Collect all lines containing the word "edgeconnector" from the data.
══════════
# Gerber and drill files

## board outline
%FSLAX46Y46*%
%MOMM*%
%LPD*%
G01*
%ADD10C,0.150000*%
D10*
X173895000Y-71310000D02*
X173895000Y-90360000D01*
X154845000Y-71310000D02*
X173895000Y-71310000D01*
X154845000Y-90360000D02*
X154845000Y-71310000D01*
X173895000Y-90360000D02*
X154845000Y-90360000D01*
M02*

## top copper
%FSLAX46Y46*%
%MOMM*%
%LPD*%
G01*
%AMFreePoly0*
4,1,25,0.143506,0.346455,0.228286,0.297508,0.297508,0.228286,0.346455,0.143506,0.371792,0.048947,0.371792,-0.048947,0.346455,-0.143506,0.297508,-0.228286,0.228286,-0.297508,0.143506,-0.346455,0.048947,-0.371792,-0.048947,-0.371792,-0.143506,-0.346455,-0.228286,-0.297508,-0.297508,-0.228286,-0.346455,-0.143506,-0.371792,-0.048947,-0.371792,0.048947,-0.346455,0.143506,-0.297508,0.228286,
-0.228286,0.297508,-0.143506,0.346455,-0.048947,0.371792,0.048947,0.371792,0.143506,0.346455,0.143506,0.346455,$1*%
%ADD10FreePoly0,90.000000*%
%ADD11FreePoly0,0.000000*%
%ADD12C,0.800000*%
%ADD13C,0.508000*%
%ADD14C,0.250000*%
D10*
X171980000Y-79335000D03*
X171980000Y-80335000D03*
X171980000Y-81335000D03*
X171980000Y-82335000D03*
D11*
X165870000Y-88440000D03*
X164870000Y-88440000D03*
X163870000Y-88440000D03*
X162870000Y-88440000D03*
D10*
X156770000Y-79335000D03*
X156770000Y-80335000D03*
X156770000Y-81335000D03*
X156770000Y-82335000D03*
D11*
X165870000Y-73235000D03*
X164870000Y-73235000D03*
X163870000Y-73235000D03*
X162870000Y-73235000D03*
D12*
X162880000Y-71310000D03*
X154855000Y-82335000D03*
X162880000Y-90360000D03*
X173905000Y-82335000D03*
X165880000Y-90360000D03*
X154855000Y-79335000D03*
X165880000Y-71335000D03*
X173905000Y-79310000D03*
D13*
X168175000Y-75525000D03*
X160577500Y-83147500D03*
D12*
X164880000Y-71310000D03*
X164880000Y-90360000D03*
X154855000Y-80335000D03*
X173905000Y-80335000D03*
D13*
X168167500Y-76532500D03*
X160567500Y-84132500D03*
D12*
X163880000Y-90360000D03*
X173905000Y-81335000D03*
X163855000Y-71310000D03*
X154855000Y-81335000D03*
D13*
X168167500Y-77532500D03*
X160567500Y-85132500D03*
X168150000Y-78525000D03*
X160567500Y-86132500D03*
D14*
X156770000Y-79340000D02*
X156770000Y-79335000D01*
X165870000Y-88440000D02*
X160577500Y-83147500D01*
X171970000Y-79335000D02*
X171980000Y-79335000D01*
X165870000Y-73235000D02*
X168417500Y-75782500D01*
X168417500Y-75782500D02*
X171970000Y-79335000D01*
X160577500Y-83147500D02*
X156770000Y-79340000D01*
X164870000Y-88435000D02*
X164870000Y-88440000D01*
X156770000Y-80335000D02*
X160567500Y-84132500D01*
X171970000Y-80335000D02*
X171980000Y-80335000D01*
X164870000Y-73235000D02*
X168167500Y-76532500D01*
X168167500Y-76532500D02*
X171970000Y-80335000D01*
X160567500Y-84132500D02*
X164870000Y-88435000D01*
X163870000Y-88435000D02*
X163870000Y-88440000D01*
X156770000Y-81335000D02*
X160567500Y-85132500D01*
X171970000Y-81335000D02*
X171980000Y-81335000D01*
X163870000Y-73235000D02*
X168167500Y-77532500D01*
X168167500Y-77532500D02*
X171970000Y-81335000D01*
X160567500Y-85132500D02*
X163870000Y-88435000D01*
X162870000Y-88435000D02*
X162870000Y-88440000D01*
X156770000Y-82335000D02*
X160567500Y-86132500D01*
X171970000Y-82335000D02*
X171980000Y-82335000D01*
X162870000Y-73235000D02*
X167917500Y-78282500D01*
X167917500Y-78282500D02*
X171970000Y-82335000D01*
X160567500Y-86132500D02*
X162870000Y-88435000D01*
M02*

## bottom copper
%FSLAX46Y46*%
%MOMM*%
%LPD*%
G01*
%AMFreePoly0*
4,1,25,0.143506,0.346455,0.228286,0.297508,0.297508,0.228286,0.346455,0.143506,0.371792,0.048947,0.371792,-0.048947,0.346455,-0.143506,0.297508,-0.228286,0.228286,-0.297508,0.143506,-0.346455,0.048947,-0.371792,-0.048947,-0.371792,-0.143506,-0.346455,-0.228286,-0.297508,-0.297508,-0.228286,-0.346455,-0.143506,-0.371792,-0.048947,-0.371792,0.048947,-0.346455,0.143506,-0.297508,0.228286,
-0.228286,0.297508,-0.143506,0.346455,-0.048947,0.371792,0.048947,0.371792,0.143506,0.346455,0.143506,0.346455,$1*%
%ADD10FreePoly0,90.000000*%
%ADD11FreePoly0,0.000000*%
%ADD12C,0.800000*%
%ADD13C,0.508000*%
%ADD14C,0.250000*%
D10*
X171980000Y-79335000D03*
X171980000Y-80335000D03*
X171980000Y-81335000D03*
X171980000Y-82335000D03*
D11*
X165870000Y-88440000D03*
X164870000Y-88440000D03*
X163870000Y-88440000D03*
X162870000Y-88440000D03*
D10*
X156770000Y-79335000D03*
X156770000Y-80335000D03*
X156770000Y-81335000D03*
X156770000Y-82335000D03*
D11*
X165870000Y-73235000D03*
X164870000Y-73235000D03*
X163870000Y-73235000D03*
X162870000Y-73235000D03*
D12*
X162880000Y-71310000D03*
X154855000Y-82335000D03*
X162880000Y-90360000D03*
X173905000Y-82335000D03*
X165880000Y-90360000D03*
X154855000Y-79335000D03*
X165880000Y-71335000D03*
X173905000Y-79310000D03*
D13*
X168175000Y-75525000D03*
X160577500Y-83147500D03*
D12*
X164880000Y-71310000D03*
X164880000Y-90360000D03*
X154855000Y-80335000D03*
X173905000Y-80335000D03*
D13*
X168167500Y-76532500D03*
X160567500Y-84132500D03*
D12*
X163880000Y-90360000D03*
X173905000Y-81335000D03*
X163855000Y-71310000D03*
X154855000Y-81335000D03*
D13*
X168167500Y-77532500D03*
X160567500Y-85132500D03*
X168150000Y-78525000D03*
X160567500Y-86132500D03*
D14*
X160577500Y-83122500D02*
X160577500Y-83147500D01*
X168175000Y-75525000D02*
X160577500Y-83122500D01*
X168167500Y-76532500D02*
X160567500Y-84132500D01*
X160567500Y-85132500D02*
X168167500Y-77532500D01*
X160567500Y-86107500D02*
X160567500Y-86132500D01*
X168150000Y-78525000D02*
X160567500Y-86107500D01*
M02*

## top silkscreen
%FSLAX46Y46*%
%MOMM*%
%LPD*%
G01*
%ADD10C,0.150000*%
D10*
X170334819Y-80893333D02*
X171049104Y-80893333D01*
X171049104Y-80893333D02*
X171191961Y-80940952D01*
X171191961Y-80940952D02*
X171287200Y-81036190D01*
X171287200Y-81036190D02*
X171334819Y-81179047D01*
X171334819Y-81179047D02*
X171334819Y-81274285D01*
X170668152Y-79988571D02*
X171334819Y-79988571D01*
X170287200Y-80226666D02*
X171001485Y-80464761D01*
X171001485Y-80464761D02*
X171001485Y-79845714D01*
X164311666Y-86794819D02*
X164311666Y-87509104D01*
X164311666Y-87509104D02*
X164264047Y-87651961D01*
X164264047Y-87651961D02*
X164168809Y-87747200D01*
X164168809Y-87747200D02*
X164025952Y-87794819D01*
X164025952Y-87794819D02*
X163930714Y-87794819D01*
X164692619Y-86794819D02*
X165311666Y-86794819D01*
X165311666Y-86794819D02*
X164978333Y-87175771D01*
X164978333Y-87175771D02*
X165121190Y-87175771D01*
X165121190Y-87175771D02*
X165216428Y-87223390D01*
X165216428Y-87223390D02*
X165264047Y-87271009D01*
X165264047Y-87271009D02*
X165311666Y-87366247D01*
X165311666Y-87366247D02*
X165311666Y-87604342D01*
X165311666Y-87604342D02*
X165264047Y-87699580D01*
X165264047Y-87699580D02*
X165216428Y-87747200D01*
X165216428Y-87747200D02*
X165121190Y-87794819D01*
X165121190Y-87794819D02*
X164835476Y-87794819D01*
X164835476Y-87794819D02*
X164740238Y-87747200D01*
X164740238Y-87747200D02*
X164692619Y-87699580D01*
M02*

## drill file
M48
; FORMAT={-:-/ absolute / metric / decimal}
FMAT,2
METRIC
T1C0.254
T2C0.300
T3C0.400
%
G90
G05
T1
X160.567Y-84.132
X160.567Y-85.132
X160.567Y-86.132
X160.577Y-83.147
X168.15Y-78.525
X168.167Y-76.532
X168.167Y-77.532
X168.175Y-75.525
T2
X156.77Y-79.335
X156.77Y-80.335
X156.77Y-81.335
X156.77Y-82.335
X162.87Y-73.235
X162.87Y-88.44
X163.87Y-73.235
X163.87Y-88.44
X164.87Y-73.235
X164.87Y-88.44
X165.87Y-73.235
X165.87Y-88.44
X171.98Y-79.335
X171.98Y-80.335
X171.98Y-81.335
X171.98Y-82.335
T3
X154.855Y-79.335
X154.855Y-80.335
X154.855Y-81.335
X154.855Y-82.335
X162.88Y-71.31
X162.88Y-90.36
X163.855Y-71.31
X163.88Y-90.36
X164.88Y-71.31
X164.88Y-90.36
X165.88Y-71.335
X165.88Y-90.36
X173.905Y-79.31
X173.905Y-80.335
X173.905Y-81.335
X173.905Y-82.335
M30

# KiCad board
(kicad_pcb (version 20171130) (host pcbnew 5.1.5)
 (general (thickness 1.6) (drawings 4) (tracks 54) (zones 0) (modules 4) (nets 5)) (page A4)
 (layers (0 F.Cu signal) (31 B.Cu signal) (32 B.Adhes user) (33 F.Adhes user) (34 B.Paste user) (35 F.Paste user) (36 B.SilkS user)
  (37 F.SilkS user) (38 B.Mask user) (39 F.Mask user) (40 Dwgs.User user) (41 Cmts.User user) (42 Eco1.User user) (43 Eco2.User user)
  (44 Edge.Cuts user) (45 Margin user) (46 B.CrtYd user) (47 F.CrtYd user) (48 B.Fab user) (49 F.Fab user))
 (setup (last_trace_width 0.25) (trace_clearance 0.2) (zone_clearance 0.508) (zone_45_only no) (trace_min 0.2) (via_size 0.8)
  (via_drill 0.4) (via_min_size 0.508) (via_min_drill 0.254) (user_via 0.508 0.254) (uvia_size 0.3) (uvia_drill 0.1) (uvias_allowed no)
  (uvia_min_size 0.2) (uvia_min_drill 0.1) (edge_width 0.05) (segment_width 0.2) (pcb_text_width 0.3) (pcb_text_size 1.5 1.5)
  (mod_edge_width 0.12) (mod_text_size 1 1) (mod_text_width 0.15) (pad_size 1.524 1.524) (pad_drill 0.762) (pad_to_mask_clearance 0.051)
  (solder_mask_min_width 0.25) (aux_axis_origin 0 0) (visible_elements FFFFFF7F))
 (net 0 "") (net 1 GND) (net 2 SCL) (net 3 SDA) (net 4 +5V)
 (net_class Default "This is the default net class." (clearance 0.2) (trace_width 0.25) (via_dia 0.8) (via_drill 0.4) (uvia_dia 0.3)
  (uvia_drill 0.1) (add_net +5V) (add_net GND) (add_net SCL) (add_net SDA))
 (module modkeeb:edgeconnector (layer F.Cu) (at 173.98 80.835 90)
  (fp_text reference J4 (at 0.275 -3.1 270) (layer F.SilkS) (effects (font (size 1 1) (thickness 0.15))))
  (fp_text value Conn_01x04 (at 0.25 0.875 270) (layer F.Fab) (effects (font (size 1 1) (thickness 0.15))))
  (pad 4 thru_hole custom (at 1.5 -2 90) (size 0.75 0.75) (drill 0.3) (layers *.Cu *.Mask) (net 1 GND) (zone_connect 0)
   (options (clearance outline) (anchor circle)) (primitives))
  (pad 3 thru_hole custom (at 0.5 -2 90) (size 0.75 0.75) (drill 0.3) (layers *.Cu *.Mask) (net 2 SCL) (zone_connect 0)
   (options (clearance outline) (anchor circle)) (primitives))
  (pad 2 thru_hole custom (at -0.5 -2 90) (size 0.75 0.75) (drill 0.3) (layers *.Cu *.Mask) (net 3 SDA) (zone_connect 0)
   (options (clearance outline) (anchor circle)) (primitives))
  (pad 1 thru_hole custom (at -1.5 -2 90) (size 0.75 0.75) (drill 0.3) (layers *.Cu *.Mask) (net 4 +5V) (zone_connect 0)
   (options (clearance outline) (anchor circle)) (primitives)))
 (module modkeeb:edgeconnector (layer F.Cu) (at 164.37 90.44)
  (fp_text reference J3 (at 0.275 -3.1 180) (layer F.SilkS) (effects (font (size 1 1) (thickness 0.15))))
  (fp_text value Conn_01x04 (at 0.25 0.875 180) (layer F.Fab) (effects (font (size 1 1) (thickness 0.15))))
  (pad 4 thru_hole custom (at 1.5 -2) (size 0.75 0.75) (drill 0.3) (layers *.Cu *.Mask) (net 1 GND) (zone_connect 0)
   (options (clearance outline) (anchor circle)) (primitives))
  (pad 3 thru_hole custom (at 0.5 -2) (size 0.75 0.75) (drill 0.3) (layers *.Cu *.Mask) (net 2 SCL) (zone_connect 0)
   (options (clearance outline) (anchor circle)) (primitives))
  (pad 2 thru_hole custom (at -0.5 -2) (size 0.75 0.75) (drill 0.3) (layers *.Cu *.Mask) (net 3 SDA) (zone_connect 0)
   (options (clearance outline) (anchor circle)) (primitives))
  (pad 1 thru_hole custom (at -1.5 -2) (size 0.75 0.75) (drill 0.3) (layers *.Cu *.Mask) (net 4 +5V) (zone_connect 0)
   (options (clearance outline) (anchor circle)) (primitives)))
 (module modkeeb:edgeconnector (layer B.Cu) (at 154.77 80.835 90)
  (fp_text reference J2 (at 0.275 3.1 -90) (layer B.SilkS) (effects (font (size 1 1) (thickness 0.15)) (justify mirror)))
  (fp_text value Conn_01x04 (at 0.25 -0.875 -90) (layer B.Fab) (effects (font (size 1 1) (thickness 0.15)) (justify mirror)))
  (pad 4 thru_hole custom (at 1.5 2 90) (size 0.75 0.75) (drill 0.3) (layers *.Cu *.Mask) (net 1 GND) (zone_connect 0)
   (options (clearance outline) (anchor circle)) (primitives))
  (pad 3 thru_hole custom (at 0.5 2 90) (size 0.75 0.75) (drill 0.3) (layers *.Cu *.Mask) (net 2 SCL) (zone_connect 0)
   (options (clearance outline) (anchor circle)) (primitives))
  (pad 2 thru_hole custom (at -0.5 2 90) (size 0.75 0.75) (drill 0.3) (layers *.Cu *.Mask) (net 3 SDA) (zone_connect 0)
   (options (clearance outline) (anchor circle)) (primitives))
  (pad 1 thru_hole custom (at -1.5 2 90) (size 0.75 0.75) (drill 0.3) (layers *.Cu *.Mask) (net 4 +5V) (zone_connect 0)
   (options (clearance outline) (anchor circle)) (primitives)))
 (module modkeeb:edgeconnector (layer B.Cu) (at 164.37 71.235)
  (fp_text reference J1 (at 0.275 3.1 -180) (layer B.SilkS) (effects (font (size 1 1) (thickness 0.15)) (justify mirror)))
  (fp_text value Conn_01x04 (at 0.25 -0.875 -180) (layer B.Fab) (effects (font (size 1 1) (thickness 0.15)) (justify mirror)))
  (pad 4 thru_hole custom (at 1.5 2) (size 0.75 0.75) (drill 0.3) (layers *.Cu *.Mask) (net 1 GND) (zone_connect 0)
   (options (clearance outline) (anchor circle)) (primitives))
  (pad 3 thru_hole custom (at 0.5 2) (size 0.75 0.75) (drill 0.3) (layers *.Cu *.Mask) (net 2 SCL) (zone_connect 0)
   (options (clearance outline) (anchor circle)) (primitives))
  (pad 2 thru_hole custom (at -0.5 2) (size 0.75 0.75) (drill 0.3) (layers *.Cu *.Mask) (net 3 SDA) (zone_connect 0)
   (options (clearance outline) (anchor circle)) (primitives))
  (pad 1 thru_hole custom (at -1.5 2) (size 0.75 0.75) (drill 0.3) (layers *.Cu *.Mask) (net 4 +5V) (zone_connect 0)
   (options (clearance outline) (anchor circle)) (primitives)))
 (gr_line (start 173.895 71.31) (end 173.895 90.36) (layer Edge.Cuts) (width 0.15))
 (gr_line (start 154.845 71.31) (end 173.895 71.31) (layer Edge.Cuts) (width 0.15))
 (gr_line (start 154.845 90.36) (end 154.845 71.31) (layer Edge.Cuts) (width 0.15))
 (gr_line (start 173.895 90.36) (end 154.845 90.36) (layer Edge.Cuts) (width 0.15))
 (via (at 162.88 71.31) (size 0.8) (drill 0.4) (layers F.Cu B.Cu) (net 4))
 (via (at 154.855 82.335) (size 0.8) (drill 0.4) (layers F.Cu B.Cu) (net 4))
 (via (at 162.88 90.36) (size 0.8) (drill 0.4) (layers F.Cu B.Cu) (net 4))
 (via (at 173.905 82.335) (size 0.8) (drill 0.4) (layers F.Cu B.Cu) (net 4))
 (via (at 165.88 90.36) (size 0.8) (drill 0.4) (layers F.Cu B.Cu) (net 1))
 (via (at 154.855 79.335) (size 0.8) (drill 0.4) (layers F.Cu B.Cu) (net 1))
══════════
● **Response to this exercise**
 (module modkeeb:edgeconnector (layer F.Cu) (at 173.98 80.835 90)
 (module modkeeb:edgeconnector (layer F.Cu) (at 164.37 90.44)
 (module modkeeb:edgeconnector (layer B.Cu) (at 154.77 80.835 90)
 (module modkeeb:edgeconnector (layer B.Cu) (at 164.37 71.235)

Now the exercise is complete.